Recently I picked up an jointer which was wired with a 240v 2hp Dayton motor. Not wanting to just plug this guy in and having a disaster on my hands I checked the wiring in the on/off box and motor. The motor's wiring appears to be fine but the on/off box has me wondering why the ground was just floating uncapped in the on/off box, not something I feel comfortable with. I see a space that is green in the front of the box but I don't want to place the ground there without any knowledgeable advice.

Any ideas would be appreciated and yes I tried Googling first but did not come up with anything.










EDIT: About a year later I finally got around to wiring the jointer and it runs amazingly. This 120 year old machine will outlast me.

For the wiring, I grounded within the motor wiring casing to a screw and within the starter box pigtailed the grounds together.

I wasn't confident at first since the initial wiring threw me off but after running all new lines, smooth as silk.


----------



## MrUnix (May 18, 2012)

Best bet is to try and find the data sheet/installation guide for that starter… I believe Cutler Hammer is now part of Eaton, so you might look over there.

Kind of hard to tell from that picture if the green terminals up top are grounds, but it would be reasonable. Should be able to see what those are connected to, or you could verify by testing with a meter. You could also tie that ground to one of the screws/bolts holding the starter to the saw, which should be a good ground point as well.

Cheers,
Brad


----------



## Faceman_ (Oct 24, 2013)

> Best bet is to try and find the data sheet/installation guide for that starter… I believe Cutler Hammer is now part of Eaton, so you might look over there.


Mentioned before, tried, nothing for this exact one.
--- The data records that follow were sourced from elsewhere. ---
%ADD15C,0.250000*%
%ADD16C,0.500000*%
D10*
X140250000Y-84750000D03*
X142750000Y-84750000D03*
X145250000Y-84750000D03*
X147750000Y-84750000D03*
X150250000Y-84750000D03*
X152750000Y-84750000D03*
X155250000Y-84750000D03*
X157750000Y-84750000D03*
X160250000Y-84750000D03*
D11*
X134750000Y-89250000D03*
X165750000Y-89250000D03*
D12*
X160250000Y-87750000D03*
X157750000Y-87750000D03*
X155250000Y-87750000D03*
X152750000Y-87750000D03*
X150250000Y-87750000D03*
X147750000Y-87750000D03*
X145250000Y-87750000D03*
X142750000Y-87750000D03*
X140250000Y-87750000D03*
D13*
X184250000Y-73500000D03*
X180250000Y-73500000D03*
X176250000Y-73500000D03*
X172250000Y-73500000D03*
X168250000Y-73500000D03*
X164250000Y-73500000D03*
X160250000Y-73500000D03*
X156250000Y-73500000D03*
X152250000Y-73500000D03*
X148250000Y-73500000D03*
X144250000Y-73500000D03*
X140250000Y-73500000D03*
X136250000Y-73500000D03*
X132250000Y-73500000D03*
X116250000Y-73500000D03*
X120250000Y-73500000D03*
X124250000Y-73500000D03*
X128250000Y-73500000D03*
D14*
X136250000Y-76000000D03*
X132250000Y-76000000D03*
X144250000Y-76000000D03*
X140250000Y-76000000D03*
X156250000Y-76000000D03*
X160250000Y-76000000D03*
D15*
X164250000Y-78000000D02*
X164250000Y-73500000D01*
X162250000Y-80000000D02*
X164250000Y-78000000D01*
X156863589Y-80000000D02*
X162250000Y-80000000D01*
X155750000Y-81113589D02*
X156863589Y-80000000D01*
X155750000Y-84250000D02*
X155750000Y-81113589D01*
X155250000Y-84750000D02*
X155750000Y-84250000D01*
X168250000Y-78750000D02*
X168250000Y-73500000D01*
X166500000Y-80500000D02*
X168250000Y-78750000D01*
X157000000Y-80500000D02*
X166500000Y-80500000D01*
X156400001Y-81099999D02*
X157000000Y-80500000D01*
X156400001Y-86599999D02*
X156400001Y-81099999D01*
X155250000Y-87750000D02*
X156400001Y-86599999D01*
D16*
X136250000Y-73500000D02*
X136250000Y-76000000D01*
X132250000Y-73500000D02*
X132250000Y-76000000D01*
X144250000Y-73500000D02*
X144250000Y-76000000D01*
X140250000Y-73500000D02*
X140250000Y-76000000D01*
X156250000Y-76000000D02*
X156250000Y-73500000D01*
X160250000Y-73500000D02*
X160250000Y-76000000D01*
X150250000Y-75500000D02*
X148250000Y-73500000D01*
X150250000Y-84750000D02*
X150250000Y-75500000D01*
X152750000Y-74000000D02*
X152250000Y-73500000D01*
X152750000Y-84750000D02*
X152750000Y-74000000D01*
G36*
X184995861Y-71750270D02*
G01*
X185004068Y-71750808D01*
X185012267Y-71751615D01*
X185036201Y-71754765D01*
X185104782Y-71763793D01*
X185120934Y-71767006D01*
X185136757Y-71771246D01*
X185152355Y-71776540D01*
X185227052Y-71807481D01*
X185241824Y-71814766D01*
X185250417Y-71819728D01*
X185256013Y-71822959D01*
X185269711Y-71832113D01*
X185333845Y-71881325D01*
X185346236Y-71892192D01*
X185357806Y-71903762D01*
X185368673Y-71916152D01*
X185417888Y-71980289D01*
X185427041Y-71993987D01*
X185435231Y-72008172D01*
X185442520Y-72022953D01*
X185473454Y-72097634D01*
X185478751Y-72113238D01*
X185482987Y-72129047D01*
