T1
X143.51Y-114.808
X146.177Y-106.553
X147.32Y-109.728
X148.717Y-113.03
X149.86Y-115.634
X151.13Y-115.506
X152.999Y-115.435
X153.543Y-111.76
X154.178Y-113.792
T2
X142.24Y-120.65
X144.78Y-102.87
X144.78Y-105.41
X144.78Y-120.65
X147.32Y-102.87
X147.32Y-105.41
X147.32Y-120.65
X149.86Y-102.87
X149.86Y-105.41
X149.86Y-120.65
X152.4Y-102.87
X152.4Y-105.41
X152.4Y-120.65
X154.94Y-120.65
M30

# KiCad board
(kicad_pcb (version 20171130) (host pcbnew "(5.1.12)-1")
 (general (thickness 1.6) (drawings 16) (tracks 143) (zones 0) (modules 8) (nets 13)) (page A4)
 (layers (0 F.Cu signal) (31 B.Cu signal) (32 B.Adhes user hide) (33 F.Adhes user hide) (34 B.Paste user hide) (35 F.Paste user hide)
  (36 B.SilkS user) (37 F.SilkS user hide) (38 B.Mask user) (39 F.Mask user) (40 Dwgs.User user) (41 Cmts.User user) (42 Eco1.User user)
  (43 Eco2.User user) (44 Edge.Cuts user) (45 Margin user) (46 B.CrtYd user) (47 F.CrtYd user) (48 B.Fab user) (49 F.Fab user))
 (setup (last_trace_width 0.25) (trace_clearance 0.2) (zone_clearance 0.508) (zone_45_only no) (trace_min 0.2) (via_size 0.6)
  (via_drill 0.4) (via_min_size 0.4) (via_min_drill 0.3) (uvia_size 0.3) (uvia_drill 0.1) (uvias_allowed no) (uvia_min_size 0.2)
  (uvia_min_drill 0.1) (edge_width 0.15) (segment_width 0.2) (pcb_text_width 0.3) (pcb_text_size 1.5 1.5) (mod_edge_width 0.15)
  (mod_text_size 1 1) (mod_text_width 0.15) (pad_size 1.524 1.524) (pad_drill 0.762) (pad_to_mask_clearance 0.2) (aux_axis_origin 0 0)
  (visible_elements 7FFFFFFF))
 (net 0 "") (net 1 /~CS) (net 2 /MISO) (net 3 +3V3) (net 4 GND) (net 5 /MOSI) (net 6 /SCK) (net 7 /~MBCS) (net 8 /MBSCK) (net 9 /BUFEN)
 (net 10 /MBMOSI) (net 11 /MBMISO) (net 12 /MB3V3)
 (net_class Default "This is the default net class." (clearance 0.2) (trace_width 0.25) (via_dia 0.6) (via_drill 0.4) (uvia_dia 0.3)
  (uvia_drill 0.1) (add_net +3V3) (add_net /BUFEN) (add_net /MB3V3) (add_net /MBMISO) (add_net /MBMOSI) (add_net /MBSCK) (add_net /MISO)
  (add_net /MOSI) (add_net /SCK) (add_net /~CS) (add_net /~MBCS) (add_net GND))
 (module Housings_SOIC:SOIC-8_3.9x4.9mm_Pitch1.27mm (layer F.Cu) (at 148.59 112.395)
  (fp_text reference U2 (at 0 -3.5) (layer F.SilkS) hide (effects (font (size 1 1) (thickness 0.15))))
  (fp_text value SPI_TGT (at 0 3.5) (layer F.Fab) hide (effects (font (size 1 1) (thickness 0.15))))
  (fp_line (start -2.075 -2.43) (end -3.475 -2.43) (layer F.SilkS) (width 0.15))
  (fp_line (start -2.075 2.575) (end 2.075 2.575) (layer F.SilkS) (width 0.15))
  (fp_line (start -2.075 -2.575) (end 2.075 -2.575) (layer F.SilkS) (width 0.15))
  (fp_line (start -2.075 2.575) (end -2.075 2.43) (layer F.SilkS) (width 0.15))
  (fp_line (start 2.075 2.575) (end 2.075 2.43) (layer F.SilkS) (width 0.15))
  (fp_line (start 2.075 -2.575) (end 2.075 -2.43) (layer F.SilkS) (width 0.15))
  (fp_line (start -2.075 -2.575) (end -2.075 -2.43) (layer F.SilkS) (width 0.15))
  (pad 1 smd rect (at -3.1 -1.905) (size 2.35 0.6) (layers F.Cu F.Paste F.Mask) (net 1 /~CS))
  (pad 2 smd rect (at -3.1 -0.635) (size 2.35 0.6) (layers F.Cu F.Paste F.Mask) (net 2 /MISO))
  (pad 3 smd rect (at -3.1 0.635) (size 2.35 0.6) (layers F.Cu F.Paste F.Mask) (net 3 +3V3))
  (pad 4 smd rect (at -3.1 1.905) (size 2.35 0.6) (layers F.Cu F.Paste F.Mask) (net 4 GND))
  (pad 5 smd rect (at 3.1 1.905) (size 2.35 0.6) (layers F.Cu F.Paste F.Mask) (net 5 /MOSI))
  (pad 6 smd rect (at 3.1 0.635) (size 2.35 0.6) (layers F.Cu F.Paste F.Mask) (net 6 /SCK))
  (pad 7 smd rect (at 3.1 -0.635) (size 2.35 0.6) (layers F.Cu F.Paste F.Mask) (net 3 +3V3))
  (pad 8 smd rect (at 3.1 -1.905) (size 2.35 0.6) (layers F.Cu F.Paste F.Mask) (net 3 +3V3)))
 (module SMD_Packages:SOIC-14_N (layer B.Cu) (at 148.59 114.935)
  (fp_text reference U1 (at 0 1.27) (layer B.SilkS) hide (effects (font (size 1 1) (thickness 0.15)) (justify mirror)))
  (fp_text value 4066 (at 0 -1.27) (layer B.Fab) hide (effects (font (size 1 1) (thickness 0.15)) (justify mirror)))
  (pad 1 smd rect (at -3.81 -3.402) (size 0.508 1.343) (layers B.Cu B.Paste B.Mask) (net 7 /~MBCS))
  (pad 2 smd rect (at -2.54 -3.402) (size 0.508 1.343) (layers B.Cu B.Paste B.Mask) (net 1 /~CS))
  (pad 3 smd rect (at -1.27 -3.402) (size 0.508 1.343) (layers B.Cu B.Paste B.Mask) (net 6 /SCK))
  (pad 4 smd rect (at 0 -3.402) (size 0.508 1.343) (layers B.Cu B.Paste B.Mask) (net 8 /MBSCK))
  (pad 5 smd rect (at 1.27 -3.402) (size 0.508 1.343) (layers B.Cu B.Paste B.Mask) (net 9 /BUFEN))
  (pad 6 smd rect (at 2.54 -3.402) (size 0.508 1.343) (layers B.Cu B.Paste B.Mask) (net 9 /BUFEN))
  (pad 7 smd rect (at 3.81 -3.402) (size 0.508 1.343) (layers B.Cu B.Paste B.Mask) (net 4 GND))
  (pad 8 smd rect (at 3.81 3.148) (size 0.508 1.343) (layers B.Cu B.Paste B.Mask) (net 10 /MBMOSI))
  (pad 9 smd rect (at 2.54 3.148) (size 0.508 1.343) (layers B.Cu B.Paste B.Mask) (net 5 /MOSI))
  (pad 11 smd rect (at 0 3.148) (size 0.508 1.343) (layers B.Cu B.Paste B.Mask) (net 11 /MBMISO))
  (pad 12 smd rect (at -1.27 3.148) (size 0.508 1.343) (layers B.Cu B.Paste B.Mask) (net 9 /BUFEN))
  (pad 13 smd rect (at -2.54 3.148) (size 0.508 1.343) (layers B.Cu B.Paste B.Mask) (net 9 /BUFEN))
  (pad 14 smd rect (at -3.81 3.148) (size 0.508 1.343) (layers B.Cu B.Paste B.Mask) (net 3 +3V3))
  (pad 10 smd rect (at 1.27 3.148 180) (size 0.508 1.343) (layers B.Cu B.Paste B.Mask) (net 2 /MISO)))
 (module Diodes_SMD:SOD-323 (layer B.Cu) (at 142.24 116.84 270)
> You could also tie that ground to one of the screws/bolts holding the starter to the saw, which should be a good ground point as well.
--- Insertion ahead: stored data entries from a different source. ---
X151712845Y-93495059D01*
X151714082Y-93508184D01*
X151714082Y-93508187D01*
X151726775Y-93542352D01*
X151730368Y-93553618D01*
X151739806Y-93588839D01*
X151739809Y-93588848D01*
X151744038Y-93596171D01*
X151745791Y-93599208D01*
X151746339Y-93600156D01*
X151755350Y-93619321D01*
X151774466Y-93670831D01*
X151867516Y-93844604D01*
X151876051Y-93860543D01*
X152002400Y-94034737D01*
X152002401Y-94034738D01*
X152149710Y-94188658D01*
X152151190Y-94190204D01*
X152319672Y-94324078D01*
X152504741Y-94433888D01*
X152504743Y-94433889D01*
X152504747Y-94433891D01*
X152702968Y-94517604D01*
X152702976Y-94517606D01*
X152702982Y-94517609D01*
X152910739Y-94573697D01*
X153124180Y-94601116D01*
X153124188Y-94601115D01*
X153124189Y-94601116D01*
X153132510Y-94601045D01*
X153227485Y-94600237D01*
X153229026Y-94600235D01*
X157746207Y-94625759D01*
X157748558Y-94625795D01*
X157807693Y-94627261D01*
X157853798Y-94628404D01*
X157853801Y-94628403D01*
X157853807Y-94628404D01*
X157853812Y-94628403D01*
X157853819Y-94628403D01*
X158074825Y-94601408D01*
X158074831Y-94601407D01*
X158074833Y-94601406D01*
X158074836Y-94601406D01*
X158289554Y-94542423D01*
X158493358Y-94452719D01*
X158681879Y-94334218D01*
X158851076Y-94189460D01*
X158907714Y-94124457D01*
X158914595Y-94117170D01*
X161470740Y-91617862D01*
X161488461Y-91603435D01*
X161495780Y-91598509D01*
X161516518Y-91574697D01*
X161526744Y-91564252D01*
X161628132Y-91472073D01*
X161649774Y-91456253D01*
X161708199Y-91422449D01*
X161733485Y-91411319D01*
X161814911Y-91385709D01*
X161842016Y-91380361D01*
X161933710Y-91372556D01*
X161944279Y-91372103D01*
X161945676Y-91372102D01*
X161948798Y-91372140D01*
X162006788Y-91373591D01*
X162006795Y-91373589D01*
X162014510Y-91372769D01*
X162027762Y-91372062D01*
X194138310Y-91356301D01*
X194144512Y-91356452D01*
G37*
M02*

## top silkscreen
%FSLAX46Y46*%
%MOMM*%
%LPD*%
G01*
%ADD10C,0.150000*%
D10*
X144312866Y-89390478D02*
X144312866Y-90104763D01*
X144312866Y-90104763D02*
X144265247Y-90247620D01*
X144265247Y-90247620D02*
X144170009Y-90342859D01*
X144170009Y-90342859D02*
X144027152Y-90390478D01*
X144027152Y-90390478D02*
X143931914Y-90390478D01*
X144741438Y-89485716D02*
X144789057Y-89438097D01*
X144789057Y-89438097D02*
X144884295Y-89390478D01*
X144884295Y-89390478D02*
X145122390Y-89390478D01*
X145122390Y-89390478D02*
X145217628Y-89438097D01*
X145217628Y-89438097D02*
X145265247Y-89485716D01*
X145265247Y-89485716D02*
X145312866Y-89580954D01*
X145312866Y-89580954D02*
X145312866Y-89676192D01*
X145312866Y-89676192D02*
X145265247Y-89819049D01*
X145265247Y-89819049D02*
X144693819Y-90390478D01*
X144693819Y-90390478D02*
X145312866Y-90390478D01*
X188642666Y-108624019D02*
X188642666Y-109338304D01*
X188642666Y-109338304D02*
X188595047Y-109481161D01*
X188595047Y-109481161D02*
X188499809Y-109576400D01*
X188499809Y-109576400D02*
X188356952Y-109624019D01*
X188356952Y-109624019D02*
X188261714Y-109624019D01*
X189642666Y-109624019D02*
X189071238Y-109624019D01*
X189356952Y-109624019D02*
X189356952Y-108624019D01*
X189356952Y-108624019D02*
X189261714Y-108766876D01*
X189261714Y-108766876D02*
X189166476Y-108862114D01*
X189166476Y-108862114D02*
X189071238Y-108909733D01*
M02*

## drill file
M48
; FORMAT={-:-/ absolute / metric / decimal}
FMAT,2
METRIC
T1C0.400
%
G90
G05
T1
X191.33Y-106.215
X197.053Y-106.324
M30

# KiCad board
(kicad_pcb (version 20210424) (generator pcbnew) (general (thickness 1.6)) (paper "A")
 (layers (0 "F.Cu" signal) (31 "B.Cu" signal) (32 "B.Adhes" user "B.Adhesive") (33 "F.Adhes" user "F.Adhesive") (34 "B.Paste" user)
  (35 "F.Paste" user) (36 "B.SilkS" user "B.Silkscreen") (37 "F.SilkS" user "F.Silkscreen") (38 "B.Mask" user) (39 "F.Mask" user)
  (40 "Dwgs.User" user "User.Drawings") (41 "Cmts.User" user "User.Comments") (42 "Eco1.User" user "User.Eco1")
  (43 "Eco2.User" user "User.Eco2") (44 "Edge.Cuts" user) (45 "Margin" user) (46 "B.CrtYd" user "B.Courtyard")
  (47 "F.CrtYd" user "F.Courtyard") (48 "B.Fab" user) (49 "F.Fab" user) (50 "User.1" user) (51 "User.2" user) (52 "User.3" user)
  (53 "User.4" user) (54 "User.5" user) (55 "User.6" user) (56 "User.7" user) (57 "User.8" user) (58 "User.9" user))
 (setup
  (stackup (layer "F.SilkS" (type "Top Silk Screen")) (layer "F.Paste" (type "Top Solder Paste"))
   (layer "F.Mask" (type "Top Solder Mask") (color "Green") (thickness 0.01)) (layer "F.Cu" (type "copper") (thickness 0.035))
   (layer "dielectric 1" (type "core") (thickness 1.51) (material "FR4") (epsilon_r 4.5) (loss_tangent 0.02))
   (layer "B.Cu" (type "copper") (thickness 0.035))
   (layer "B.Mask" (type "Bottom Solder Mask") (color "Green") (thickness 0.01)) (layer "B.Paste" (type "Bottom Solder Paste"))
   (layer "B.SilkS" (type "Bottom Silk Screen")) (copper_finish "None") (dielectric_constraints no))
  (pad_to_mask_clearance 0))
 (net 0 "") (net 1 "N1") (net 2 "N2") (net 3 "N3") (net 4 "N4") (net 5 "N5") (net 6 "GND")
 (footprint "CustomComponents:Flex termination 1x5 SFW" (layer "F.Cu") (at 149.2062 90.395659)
I thought of that and if the jointer was 120v I would have. Being that the jointer is 240v, I'm not too keen on grounding to a giant cast iron base in case something goes wrong and you have a 1400lb block of electricity in front of you.

I showed the photo to an electrician friend and he believes these two highlighted screws are grounds. Now to check which wire is ground on the Dayton motor.


----------



## MrUnix (May 18, 2012)

> > You could also tie that ground to one of the screws/bolts holding the starter to the saw, which should be a good ground point as well.
> 
> 
> I thought of that and if the jointer was 120v I would have. Being that the jointer is 240v, I m not too keen on grounding to a giant cast iron base in case something goes wrong and you have a 1400lb block of electricity in front of you.
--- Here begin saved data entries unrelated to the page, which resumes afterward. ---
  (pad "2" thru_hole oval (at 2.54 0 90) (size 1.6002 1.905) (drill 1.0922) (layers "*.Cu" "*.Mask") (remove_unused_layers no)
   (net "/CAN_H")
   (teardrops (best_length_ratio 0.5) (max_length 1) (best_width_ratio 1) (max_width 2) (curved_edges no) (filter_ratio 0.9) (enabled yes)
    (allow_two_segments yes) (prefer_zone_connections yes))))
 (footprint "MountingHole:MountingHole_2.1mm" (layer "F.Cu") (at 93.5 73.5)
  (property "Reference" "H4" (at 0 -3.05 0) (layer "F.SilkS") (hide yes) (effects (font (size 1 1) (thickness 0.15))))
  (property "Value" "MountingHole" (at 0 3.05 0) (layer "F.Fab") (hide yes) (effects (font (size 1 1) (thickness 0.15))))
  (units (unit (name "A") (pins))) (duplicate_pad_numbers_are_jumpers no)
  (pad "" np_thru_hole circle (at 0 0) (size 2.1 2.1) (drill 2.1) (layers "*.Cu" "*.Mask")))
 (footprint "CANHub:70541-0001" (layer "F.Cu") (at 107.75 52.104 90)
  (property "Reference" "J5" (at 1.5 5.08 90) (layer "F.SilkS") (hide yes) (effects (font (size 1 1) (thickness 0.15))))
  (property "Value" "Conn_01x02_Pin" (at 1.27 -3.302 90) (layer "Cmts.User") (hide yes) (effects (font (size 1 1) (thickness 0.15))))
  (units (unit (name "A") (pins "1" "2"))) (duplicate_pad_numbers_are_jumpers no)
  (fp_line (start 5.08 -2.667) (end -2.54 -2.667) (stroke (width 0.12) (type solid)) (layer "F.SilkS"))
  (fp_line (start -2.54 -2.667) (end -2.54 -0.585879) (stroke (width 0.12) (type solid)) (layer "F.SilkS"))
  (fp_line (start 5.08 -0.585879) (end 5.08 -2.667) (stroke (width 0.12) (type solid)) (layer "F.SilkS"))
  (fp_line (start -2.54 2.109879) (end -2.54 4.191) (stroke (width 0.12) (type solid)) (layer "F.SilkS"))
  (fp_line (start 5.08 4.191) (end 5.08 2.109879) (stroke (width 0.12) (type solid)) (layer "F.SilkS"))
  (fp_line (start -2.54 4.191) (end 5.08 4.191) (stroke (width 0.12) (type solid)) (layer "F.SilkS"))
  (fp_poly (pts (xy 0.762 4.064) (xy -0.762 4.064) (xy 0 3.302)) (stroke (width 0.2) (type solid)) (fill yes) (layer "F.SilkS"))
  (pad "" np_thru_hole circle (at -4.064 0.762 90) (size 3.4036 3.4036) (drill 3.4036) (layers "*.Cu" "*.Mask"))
Nope… wouldn't happen. IF something goes wrong and your saw is grounded… any electricity that escapes will go directly to ground, not someone touching the saw. That is what the ground is for.

Cheers,
Brad

PS: The "1400lb block of electricity" could only happen if you DON'T ground the thing


----------



## TheFridge (May 1, 2014)

Those screws are to pull the starter apart. Definitely NOT for grounding.

Brad is right about grounding.

The ground screw on the cover is just for that. Grounding. Since the cover isnt secured to the enclosure by a screw into threads. It needs a pigtail.

Not much to grounding it. Ground from your cord into starter enclosure to a ring terminal under a screw. From same screw to green screw in motor j box.


----------



## Faceman_ (Oct 24, 2013)

> PS: The "1400lb block of electricity" could only happen if you DON T ground the thing


I've done electric work before and have ground to boxes but if there's a proper spot for the ground, I'd like to do it. Just the idea of this thing not being properly ground makes me imagine a Tesla coil in my garage with this huge block of old American industrial might.



> Those screws are to pull the starter apart. Definitely NOT for grounding.
> 
> 
> > I haven't had a chance to get out to the garage to check those screws, just going by what he said from the photo. He wires houses and Xray machines, funny how a starter is stumping both of us.
> ...


----------



## FancyShoes (Aug 31, 2014)

A lot of really old things didnt use grounds! You may have to just make something ground.


----------



## Faceman_ (Oct 24, 2013)

Apparently the starter box has a wiring diagram for a heat coil in it.

Here is the green bar:










Here is the photo wiring diagram for the motor:










I know all motors are not created equal but at least this one has a ground or it's just labeled clearly:


----------